Top of Records shown

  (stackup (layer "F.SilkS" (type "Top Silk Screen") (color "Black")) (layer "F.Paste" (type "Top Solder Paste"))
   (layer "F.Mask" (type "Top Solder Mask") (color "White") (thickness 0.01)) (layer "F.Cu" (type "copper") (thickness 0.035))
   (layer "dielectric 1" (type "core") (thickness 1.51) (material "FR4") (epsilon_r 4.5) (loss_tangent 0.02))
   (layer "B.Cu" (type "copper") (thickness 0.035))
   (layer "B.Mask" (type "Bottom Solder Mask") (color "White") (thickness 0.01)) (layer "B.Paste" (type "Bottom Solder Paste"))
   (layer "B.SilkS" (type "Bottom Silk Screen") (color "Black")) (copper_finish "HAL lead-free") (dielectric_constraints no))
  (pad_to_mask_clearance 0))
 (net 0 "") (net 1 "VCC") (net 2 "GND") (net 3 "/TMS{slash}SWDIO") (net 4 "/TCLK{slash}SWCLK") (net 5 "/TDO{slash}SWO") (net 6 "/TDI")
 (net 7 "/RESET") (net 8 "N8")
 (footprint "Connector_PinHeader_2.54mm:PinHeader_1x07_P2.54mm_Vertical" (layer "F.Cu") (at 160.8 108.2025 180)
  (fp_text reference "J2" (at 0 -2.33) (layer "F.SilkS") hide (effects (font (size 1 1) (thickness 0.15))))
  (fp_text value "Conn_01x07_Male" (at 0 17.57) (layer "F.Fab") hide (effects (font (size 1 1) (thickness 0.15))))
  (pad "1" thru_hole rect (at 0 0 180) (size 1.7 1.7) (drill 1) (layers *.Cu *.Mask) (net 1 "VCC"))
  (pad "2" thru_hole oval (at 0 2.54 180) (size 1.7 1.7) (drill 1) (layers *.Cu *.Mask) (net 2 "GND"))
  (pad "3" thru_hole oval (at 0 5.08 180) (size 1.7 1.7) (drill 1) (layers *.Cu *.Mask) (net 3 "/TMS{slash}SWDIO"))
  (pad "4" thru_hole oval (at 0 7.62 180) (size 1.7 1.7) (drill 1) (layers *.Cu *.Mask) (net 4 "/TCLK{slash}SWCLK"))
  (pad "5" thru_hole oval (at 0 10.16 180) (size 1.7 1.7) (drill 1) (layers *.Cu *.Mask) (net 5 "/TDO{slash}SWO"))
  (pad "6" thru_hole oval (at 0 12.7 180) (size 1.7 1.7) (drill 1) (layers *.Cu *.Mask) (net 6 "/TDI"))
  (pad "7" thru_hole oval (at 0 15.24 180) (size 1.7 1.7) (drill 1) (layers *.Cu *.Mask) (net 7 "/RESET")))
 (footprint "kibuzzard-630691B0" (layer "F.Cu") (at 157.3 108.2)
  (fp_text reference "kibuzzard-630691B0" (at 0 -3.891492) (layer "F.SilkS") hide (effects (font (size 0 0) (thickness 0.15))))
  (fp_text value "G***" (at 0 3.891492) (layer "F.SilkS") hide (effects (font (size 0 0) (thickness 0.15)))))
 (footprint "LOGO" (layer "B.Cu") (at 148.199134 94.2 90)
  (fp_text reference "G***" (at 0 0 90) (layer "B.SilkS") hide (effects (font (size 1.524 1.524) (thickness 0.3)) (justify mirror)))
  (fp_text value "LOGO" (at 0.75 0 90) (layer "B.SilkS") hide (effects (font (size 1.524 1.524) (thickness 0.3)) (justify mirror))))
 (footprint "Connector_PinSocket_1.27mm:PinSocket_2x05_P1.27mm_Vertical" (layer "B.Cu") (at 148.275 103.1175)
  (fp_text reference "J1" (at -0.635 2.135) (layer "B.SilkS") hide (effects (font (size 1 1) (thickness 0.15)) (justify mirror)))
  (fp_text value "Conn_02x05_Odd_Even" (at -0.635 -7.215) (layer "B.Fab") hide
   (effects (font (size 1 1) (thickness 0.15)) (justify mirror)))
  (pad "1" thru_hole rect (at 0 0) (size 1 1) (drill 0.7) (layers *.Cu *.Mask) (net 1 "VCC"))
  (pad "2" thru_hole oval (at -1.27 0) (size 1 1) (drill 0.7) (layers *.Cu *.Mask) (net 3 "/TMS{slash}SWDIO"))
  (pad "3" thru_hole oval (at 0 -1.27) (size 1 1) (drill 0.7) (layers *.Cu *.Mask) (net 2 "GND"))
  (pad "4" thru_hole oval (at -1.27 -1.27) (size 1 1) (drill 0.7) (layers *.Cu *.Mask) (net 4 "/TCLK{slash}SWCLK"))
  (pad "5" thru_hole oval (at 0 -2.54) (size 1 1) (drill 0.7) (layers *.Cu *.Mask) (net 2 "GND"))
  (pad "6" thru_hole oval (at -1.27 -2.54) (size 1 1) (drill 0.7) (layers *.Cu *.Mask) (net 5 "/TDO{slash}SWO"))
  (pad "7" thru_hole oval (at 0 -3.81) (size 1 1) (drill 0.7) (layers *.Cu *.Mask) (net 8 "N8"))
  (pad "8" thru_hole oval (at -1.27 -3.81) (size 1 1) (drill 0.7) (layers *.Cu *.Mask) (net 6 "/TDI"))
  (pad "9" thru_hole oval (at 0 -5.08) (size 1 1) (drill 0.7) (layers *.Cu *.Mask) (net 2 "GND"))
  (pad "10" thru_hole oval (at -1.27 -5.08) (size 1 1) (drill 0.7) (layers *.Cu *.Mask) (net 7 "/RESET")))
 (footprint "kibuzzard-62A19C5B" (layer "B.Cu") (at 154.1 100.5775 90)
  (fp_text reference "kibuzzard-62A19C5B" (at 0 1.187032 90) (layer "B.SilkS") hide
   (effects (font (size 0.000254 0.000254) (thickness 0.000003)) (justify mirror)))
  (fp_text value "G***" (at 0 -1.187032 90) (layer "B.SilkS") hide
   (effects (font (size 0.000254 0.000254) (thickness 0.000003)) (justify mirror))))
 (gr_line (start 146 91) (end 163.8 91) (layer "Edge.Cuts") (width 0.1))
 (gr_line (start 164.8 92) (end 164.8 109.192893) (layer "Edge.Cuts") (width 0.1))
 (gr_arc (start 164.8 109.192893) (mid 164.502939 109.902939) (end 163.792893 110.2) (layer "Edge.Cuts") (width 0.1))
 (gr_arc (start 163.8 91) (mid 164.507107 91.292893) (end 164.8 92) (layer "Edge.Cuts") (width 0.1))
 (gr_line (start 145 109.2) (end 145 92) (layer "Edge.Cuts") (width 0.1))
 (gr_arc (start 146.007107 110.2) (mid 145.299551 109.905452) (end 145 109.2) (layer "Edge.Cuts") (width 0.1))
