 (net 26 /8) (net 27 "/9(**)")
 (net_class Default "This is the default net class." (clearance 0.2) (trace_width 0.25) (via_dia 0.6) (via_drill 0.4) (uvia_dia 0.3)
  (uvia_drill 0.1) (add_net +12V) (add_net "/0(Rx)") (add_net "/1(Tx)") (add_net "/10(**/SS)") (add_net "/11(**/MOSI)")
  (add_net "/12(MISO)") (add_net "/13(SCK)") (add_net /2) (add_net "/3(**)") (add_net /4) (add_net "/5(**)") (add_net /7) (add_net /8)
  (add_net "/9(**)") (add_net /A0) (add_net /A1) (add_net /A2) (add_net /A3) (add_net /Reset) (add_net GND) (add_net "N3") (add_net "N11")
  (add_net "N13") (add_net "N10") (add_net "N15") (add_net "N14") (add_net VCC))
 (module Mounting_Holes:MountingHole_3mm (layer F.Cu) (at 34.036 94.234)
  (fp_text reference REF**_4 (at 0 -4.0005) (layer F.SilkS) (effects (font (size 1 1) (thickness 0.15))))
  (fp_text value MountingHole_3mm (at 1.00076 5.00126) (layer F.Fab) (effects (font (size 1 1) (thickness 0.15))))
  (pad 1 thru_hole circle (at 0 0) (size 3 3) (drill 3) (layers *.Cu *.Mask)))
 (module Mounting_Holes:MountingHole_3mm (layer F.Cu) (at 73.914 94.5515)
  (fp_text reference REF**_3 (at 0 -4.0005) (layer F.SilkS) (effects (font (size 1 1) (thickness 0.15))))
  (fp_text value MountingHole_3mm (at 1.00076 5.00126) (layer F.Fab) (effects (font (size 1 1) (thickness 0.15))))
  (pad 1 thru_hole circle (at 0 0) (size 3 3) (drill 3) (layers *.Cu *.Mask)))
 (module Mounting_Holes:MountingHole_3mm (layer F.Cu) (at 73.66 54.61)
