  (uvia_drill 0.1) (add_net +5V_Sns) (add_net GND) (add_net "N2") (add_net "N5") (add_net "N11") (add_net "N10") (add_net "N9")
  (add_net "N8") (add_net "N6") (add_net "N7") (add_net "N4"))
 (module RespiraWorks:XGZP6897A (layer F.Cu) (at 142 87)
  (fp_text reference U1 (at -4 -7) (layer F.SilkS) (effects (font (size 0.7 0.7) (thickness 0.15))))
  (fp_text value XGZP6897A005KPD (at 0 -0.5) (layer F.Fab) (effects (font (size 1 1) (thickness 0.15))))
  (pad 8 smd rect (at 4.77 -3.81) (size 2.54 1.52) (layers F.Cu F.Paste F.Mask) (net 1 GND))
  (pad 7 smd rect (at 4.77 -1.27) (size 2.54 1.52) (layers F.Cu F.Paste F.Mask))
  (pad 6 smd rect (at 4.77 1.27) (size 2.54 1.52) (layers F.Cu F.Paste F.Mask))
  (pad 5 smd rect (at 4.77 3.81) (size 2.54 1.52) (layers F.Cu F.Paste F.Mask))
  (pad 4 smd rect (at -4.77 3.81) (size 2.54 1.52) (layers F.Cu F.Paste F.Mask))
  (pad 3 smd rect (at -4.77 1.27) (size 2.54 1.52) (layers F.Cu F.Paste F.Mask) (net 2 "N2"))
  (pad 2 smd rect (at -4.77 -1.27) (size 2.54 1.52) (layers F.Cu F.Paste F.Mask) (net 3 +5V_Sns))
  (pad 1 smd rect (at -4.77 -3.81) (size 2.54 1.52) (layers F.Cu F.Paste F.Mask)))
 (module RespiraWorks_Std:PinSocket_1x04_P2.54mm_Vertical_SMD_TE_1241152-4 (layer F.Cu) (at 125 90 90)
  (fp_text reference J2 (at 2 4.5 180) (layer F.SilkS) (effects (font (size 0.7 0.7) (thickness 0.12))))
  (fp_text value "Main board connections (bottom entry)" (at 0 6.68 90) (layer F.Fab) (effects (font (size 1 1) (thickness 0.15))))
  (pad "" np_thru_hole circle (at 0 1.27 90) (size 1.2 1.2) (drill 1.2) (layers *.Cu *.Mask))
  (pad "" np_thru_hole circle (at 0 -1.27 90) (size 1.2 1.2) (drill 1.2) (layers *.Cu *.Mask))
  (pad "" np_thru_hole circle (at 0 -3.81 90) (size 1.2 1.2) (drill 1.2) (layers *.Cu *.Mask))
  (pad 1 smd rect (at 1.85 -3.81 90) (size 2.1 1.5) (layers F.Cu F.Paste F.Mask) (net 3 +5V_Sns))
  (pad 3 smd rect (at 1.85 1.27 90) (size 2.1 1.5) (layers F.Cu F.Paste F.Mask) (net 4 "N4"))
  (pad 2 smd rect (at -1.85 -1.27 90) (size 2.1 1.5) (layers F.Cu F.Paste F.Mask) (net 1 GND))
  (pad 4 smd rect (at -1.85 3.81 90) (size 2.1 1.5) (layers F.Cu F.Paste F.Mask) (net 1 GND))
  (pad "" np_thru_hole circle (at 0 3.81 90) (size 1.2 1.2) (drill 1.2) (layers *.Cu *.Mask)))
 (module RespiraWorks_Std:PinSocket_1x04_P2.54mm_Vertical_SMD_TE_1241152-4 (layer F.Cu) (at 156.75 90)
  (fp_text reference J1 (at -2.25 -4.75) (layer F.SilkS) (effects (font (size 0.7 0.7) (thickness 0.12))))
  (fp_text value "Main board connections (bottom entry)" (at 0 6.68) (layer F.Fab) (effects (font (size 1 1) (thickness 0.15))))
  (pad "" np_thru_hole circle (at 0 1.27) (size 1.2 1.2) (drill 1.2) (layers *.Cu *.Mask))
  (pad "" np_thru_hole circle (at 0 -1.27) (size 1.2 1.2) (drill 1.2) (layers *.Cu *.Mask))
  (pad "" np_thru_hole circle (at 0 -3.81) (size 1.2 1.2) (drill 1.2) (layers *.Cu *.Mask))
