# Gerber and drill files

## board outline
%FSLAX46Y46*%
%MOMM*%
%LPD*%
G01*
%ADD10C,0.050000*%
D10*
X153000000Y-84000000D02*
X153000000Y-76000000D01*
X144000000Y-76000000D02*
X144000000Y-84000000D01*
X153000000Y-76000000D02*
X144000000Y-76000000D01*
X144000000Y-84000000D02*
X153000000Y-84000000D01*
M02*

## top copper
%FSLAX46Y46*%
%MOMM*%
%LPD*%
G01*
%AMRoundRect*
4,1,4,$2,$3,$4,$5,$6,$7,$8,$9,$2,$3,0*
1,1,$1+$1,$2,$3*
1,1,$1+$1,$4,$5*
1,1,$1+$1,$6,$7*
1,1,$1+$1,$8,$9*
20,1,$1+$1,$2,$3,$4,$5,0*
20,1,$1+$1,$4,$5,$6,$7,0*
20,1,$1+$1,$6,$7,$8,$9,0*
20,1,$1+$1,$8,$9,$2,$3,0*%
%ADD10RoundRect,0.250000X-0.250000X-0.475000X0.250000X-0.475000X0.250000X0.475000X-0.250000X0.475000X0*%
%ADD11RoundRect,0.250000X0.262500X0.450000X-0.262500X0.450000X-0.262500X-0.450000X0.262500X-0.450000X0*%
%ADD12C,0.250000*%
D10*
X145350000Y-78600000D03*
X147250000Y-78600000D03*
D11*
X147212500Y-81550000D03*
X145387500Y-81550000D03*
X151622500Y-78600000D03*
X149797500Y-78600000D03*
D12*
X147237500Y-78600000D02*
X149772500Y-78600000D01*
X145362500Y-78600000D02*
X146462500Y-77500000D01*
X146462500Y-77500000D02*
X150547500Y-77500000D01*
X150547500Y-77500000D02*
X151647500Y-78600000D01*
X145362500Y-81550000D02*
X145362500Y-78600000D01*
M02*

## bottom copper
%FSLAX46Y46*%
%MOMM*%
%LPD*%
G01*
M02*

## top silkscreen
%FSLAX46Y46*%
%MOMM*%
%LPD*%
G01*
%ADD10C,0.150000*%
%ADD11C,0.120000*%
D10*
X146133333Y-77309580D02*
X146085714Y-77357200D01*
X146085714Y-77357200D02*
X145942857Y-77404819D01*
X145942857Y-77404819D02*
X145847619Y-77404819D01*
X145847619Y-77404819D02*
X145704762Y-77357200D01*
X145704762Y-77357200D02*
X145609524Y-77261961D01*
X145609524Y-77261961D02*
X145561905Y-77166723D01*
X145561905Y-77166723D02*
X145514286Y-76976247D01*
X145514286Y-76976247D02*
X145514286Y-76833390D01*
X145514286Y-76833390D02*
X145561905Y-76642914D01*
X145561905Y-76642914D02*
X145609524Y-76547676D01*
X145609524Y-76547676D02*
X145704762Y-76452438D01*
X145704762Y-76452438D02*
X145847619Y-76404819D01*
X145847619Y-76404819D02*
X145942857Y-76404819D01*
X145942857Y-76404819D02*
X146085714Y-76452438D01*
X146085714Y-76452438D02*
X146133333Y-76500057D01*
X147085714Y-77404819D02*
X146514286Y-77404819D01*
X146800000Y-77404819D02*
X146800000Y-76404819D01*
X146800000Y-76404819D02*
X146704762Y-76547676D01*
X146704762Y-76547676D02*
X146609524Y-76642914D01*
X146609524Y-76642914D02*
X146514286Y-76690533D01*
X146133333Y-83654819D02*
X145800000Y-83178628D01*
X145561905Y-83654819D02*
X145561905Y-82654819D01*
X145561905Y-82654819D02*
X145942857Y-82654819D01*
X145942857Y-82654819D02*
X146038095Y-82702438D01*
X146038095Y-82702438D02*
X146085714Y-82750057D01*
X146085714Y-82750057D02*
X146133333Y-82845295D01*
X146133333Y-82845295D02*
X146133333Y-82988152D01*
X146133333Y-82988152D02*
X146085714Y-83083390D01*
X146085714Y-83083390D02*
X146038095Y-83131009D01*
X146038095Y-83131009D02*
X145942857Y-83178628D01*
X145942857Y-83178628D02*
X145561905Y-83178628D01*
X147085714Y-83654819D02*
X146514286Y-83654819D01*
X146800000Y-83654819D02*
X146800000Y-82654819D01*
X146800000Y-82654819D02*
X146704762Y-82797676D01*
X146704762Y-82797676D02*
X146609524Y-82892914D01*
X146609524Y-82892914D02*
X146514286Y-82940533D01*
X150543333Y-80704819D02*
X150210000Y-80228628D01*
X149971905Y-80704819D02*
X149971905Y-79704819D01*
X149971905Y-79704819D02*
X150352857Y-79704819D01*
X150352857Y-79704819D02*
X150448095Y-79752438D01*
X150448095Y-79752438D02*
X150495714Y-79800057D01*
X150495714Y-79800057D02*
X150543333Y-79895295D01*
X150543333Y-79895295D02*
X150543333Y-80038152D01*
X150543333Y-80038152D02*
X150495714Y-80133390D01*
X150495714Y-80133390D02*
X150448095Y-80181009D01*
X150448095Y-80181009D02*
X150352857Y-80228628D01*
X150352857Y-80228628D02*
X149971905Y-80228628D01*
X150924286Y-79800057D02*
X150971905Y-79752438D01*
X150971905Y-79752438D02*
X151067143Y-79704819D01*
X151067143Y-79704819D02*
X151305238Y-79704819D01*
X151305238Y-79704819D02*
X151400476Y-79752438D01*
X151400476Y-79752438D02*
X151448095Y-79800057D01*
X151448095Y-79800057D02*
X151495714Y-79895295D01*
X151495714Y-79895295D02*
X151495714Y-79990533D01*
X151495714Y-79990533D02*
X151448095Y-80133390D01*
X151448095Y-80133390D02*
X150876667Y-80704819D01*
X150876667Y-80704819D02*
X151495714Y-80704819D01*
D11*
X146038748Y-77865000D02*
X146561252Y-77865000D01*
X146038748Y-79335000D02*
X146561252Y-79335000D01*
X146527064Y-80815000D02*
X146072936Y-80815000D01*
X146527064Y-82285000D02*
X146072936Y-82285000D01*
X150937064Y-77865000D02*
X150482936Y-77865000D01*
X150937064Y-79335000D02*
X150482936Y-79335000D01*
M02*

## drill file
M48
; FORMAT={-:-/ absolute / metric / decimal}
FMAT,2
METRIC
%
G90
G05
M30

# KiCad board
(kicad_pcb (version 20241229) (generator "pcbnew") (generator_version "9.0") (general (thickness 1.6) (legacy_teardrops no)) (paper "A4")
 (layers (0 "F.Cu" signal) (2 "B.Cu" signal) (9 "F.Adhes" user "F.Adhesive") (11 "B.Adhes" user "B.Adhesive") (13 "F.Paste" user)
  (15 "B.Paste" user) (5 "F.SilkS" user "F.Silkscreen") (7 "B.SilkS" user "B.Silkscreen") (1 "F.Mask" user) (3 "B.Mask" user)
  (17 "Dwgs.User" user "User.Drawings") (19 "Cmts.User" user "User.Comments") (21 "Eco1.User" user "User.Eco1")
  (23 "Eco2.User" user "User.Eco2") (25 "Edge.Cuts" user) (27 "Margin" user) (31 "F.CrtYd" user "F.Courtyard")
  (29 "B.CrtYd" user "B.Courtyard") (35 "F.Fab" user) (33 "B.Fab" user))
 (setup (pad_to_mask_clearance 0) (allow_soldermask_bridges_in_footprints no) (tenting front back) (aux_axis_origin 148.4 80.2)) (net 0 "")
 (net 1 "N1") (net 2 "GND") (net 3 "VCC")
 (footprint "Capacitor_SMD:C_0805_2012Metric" (layer "F.Cu") (at 146.3 78.6)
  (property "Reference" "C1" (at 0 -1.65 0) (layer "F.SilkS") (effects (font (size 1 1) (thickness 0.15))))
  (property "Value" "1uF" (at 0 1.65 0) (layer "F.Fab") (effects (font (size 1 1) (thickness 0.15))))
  (fp_line (start -0.261252 -0.735) (end 0.261252 -0.735) (stroke (width 0.12) (type solid)) (layer "F.SilkS"))
  (fp_line (start -0.261252 0.735) (end 0.261252 0.735) (stroke (width 0.12) (type solid)) (layer "F.SilkS"))
  (pad "1" smd roundrect (at -0.95 0) (size 1 1.45) (layers "F.Cu" "F.Mask" "F.Paste") (roundrect_rratio 0.25) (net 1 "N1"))
  (pad "2" smd roundrect (at 0.95 0) (size 1 1.45) (layers "F.Cu" "F.Mask" "F.Paste") (roundrect_rratio 0.25) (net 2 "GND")))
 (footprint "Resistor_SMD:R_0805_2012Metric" (layer "F.Cu") (at 146.3 81.55 180)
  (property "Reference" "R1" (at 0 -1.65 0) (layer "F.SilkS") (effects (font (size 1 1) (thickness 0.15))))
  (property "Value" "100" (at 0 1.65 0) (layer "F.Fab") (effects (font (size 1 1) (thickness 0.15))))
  (fp_line (start -0.227064 0.735) (end 0.227064 0.735) (stroke (width 0.12) (type solid)) (layer "F.SilkS"))
  (fp_line (start -0.227064 -0.735) (end 0.227064 -0.735) (stroke (width 0.12) (type solid)) (layer "F.SilkS"))
  (pad "1" smd roundrect (at -0.9125 0 180) (size 1.025 1.4) (layers "F.Cu" "F.Mask" "F.Paste") (roundrect_rratio 0.243902) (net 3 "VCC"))
  (pad "2" smd roundrect (at 0.9125 0 180) (size 1.025 1.4) (layers "F.Cu" "F.Mask" "F.Paste") (roundrect_rratio 0.243902) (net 1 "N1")))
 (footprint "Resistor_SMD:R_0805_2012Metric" (layer "F.Cu") (at 150.71 78.6 180)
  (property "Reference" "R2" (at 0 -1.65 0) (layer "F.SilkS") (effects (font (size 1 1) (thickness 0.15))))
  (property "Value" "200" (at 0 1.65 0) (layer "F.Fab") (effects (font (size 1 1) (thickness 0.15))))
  (fp_line (start -0.227064 0.735) (end 0.227064 0.735) (stroke (width 0.12) (type solid)) (layer "F.SilkS"))
  (fp_line (start -0.227064 -0.735) (end 0.227064 -0.735) (stroke (width 0.12) (type solid)) (layer "F.SilkS"))
  (pad "1" smd roundrect (at -0.9125 0 180) (size 1.025 1.4) (layers "F.Cu" "F.Mask" "F.Paste") (roundrect_rratio 0.243902) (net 1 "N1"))
  (pad "2" smd roundrect (at 0.9125 0 180) (size 1.025 1.4) (layers "F.Cu" "F.Mask" "F.Paste") (roundrect_rratio 0.243902) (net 2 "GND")))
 (gr_line (start 153 84) (end 153 76) (stroke (width 0.05) (type solid)) (layer "Edge.Cuts"))
 (gr_line (start 144 76) (end 144 84) (stroke (width 0.05) (type solid)) (layer "Edge.Cuts"))
 (gr_line (start 153 76) (end 144 76) (stroke (width 0.05) (type solid)) (layer "Edge.Cuts"))
 (gr_line (start 144 84) (end 153 84) (stroke (width 0.05) (type solid)) (layer "Edge.Cuts"))
 (segment (start 147.2375 78.6) (end 149.7725 78.6) (width 0.25) (layer "F.Cu") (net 2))
 (segment (start 145.3625 78.6) (end 146.4625 77.5) (width 0.25) (layer "F.Cu") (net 1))
 (segment (start 146.4625 77.5) (end 150.5475 77.5) (width 0.25) (layer "F.Cu") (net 1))
 (segment (start 150.5475 77.5) (end 151.6475 78.6) (width 0.25) (layer "F.Cu") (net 1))
 (segment (start 145.3625 81.55) (end 145.3625 78.6) (width 0.25) (layer "F.Cu") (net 1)))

Bottom of Records shown

Task description:
Copy out the lines above exactly, beginning at the one that contains "X150448095Y-79752438D01*" and ending at the one that contains "X146038748Y-79335000D02*".

Exercise response:
X150448095Y-79752438D01*
X150448095Y-79752438D02*
X150495714Y-79800057D01*
X150495714Y-79800057D02*
X150543333Y-79895295D01*
X150543333Y-79895295D02*
X150543333Y-80038152D01*
X150543333Y-80038152D02*
X150495714Y-80133390D01*
X150495714Y-80133390D02*
X150448095Y-80181009D01*
X150448095Y-80181009D02*
X150352857Y-80228628D01*
X150352857Y-80228628D02*
X149971905Y-80228628D01*
X150924286Y-79800057D02*
X150971905Y-79752438D01*
X150971905Y-79752438D02*
X151067143Y-79704819D01*
X151067143Y-79704819D02*
X151305238Y-79704819D01*
X151305238Y-79704819D02*
X151400476Y-79752438D01*
X151400476Y-79752438D02*
X151448095Y-79800057D01*
X151448095Y-79800057D02*
X151495714Y-79895295D01*
X151495714Y-79895295D02*
X151495714Y-79990533D01*
X151495714Y-79990533D02*
X151448095Y-80133390D01*
X151448095Y-80133390D02*
X150876667Y-80704819D01*
X150876667Y-80704819D02*
X151495714Y-80704819D01*
D11*
X146038748Y-77865000D02*
X146561252Y-77865000D01*
X146038748Y-79335000D02*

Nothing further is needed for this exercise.